Why are genetic engineering and organic farming incompatible?
“When I’m visiting agricultural research institutes in Africa and India,
I find the labs for biological control half empty and with broken windows. But the biotechlabs will be all new, with new equipment and stuffed with staff. Biocontrol projects, as we do it, are not so spectacular, not so sexy. Here I see a big problem.”
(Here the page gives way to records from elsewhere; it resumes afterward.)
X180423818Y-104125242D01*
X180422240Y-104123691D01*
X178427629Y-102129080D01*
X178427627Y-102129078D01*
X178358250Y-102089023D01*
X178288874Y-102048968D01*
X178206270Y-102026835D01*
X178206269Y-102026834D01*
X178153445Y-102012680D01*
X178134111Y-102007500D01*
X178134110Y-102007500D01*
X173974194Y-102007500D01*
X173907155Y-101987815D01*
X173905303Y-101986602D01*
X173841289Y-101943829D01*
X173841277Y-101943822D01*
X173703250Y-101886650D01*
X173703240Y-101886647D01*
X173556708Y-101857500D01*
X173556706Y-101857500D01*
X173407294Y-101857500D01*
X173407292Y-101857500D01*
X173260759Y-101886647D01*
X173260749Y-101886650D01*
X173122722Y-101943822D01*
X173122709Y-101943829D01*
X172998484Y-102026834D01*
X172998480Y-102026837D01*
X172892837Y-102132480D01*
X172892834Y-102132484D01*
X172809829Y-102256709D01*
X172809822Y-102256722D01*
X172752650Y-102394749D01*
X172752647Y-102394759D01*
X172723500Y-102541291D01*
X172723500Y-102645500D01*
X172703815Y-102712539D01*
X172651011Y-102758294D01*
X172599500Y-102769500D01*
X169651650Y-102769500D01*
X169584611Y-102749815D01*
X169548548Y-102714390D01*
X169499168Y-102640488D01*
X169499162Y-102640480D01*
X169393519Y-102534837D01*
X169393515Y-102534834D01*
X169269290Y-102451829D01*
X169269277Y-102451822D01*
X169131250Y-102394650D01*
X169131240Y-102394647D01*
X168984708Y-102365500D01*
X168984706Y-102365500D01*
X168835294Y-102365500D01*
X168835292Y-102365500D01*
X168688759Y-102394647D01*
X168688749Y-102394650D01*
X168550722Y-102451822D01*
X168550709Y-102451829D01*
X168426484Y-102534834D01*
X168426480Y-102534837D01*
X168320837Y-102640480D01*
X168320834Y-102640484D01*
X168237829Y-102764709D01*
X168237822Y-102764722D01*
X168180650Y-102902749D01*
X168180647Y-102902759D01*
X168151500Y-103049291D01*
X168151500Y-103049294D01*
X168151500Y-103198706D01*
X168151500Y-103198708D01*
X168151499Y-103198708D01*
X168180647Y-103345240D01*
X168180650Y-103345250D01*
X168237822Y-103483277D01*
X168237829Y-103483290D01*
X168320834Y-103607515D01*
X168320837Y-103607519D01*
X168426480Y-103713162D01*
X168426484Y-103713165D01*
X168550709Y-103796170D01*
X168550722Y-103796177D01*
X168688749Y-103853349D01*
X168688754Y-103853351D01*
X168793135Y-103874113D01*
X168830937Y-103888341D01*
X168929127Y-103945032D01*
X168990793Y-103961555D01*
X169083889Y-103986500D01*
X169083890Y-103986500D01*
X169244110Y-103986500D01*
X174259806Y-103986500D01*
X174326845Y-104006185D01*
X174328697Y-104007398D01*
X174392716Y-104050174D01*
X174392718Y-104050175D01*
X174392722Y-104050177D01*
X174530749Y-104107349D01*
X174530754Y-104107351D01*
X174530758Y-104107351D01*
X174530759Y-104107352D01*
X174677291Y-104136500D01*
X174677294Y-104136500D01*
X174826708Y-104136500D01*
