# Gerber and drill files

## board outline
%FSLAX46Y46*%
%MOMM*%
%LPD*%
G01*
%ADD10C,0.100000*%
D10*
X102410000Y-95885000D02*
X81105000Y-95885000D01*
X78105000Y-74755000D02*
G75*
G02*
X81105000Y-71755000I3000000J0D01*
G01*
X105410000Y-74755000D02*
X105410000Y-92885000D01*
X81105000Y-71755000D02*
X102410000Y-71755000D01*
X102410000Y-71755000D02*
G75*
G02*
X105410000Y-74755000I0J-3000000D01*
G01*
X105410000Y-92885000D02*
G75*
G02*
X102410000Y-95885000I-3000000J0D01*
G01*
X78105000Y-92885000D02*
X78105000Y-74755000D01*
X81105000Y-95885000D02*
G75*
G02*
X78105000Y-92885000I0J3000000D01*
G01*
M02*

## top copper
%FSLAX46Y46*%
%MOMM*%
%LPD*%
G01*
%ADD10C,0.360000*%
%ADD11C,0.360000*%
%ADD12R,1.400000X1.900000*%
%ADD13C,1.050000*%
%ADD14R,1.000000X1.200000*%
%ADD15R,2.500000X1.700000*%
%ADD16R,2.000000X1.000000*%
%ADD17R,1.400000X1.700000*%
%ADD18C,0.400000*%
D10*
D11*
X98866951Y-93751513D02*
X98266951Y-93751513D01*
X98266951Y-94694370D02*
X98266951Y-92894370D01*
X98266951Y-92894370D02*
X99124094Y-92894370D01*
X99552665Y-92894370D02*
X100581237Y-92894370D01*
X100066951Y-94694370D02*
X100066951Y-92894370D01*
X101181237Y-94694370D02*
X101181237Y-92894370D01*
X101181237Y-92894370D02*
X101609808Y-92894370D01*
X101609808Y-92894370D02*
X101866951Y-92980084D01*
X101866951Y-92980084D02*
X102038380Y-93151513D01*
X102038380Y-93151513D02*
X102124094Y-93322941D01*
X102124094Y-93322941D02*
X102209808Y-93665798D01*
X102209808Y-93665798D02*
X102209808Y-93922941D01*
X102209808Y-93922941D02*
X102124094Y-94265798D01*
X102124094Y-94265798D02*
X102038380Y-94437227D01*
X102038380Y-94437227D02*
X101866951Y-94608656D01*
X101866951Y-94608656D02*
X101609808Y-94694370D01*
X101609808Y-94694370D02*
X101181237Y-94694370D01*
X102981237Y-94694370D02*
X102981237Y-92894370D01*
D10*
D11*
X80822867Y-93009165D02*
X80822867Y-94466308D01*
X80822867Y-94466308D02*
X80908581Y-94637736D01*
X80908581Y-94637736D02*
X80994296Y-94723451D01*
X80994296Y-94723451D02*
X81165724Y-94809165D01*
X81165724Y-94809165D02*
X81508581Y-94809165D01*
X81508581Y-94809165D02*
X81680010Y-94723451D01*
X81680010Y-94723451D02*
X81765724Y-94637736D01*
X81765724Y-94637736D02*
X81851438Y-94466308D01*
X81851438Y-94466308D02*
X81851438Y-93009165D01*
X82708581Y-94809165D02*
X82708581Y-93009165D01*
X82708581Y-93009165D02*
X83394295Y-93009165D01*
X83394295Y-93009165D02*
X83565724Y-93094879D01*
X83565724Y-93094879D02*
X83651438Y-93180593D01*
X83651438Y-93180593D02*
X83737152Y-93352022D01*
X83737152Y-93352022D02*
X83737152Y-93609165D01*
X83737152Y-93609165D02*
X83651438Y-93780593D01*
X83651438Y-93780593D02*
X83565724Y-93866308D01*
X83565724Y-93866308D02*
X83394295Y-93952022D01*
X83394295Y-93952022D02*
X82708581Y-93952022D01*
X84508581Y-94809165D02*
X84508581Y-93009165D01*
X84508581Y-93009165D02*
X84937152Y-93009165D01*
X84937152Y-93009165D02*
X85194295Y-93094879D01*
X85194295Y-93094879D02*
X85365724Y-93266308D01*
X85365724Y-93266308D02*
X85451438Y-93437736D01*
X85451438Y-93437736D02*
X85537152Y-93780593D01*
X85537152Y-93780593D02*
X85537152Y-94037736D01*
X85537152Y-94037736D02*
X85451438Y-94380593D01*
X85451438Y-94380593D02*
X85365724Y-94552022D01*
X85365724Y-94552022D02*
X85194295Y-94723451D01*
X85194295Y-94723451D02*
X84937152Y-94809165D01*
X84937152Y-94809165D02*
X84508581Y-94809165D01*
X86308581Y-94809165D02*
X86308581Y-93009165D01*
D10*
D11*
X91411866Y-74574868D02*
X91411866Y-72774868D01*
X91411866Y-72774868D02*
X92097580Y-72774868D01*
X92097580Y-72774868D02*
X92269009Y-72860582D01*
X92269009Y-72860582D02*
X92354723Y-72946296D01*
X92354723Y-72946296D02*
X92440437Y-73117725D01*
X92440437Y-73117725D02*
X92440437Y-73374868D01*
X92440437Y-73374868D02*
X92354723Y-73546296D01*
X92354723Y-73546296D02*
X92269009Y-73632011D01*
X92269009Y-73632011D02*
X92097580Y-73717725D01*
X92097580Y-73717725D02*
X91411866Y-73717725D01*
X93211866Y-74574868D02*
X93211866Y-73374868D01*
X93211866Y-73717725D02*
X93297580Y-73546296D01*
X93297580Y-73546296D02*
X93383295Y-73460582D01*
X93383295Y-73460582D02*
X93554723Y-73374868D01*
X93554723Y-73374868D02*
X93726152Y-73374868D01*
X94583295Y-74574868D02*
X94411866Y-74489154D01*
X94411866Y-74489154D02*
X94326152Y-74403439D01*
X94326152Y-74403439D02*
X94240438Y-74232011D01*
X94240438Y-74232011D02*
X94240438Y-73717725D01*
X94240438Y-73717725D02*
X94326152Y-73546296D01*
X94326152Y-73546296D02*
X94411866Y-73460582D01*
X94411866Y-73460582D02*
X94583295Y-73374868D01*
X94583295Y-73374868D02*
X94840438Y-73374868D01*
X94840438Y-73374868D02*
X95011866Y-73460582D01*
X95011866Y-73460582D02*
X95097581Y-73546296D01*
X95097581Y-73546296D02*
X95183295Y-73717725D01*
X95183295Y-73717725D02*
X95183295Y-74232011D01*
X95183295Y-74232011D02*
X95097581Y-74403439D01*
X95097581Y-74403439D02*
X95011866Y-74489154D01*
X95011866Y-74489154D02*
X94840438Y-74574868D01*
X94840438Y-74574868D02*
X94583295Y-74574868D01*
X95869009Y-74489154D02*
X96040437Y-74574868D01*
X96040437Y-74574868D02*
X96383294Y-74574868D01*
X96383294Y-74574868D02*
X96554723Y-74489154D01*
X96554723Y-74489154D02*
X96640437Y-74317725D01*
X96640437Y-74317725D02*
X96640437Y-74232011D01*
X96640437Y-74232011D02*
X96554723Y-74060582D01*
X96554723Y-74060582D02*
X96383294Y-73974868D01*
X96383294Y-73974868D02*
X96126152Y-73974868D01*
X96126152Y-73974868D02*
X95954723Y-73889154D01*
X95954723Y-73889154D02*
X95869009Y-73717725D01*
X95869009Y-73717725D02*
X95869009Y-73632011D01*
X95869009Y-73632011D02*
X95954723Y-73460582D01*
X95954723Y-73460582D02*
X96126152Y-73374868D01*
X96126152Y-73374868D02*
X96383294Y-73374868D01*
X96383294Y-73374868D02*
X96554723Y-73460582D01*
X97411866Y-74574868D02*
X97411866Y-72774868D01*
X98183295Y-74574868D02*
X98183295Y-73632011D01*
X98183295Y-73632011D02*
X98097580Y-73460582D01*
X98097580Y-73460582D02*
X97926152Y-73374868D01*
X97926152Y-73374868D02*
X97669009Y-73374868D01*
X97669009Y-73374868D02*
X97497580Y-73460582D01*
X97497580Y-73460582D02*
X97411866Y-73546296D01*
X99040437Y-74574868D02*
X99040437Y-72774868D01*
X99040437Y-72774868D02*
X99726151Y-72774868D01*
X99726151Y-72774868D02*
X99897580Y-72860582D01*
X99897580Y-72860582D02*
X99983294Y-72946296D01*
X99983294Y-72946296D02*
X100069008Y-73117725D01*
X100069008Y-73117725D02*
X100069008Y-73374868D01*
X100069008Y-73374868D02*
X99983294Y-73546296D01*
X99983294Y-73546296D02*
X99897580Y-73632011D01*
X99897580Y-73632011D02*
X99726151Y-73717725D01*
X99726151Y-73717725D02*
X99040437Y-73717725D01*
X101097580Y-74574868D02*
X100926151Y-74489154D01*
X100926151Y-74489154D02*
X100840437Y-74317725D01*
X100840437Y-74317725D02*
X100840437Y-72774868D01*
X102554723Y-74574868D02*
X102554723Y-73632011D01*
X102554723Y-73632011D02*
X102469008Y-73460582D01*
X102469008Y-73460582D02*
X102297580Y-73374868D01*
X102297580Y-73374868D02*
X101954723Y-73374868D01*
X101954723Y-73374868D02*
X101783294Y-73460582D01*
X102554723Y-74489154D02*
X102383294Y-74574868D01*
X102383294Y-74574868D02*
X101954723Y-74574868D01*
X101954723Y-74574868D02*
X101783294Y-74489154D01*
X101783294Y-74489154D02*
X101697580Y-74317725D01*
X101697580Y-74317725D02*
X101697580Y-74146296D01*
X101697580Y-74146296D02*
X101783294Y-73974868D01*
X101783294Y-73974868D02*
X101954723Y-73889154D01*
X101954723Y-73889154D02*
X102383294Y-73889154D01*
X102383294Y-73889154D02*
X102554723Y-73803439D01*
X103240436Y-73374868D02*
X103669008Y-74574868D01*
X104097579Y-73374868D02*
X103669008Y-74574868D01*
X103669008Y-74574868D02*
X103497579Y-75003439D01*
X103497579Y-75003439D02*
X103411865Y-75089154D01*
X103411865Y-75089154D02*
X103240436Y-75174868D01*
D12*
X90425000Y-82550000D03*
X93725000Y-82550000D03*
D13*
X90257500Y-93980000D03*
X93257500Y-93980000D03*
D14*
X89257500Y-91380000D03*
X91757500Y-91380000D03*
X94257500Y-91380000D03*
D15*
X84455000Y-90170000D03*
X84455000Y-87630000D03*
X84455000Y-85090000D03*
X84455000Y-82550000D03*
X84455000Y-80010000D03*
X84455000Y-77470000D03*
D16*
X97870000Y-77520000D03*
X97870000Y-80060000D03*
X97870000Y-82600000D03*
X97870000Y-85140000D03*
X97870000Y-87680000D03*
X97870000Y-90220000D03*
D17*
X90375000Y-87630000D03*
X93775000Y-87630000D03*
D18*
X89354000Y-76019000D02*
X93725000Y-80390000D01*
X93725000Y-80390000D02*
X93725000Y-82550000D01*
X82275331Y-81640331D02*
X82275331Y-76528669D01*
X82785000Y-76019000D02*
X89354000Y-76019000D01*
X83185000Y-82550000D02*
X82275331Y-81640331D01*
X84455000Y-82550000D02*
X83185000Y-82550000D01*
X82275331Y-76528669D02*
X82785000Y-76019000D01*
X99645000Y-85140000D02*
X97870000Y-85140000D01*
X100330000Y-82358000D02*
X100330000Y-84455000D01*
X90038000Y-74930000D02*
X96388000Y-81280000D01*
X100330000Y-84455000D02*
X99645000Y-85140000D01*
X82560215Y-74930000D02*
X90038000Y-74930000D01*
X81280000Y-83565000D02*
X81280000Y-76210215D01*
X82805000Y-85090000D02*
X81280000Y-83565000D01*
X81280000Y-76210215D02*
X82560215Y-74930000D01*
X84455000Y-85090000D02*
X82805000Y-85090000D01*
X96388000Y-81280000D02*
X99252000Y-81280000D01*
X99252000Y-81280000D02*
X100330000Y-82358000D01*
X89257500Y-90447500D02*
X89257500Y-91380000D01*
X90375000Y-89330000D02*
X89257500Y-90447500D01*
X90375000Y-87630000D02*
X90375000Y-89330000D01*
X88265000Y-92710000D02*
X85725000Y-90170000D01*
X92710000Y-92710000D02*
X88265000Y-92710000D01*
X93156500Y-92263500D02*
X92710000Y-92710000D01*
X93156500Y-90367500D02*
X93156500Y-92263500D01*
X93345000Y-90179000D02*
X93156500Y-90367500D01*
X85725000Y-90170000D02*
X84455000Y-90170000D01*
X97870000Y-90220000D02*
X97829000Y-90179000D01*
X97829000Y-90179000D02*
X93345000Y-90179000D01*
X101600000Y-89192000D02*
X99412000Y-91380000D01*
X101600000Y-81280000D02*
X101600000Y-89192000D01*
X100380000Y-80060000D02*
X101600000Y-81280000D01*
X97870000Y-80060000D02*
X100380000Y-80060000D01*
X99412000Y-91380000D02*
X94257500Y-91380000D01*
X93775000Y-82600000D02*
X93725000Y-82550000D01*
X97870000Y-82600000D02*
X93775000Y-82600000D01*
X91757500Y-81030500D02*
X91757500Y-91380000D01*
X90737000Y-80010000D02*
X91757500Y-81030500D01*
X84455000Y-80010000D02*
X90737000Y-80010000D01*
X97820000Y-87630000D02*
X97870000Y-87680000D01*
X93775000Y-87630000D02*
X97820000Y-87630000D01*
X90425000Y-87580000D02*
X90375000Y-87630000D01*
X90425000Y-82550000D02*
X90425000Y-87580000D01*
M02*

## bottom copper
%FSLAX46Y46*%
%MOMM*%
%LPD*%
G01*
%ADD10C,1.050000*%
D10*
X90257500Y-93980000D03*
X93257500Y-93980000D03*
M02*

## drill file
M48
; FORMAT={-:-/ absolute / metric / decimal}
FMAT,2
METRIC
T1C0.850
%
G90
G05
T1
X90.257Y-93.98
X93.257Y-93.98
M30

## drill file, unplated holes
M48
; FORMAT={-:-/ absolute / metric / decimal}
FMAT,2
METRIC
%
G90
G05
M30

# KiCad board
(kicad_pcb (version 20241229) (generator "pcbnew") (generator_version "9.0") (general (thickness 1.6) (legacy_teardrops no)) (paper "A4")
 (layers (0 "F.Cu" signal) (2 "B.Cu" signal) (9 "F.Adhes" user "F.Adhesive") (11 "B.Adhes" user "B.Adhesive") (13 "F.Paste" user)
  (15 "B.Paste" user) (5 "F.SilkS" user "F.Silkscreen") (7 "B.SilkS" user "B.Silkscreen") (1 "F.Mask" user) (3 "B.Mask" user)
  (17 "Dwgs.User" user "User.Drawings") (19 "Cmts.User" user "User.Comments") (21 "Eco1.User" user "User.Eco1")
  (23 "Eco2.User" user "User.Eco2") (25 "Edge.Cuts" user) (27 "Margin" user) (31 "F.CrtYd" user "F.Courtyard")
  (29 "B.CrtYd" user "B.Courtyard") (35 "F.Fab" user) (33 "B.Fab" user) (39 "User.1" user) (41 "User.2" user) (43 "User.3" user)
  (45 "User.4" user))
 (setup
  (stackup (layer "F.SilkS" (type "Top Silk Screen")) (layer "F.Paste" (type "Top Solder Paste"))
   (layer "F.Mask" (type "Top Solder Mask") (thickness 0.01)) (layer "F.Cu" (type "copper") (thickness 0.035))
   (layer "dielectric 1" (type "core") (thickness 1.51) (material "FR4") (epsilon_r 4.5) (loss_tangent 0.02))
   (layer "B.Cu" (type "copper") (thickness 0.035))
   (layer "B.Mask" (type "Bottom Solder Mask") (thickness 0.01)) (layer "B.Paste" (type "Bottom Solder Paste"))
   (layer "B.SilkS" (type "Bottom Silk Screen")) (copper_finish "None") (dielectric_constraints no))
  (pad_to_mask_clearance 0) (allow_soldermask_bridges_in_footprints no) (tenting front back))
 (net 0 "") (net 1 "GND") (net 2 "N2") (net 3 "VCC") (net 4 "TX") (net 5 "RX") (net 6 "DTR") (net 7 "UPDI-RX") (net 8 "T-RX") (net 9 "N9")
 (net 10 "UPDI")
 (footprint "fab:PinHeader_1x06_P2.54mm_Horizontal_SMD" (layer "F.Cu") (at 84.455 90.17 180)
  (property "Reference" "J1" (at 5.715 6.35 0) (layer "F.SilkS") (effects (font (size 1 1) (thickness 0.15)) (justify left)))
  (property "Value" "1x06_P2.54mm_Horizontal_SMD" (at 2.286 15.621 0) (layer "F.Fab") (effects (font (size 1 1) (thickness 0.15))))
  (pad "1" smd rect (at 0 0 180) (size 2.5 1.7) (layers "F.Cu" "F.Mask" "F.Paste") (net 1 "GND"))
  (pad "2" smd rect (at 0 2.54 180) (size 2.5 1.7) (layers "F.Cu" "F.Mask" "F.Paste") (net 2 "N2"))
  (pad "3" smd rect (at 0 5.08 180) (size 2.5 1.7) (layers "F.Cu" "F.Mask" "F.Paste") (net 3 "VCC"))
  (pad "4" smd rect (at 0 7.62 180) (size 2.5 1.7) (layers "F.Cu" "F.Mask" "F.Paste") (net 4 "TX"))
  (pad "5" smd rect (at 0 10.16 180) (size 2.5 1.7) (layers "F.Cu" "F.Mask" "F.Paste") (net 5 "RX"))
  (pad "6" smd rect (at 0 12.7 180) (size 2.5 1.7) (layers "F.Cu" "F.Mask" "F.Paste") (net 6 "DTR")))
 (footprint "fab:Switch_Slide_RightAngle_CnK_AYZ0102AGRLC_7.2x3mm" (layer "F.Cu") (at 91.7575 93.98)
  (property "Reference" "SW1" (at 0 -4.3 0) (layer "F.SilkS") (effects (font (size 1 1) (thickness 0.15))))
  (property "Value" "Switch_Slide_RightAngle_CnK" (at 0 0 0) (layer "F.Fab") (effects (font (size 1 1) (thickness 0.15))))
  (pad "" thru_hole circle (at -1.5 0 90) (size 1.05 1.05) (drill 0.85) (layers "*.Cu" "*.Mask") (remove_unused_layers no))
Hans Herren, Director of the ICIPE , Kenya,
winner of the World Food prize 1995

IFOAM GMO Brochure -The facts and the fiction, from bees and carrots 4 stories, your questions our answers

Organic farming and genetic engineering are two contradictory world views, two different philosophies, the two main options for the future. The basic principles of organic farming are holistic. Rather than looking at isolated parts, the whole farm as a living entity is the focus. It is seen as a whole, enmeshed in the intrinsic web of life and part of the interactions and relationships between all living beings. Organic farming seeks to maintain an overall balance, by enhancing biodiversity (for example, flowering plants are sown on the borders of fields to attract beneficial insects into the crops). Organic pesticides are only used in emergencies cases, as supplementary measures. Genetic engineering, on the contrary, isolates and reduces complex problems to single issues and then tries to find a technical solution. The very basis of genetic engineering depends on the search for single-factor solutions, whereas all major problems of the environment and agriculture are multifactoral. An example: Bt-maize expresses a toxin that kills the maize pest stemborer. But what if other, often beneficial, insects (such as lacewings, the monarch- or the black swallowtail-butterfly) are harmed as well? What consequences follow if the toxin also influences the soil-food-web or if the
stemborer acquires a resistance to the Bttoxin?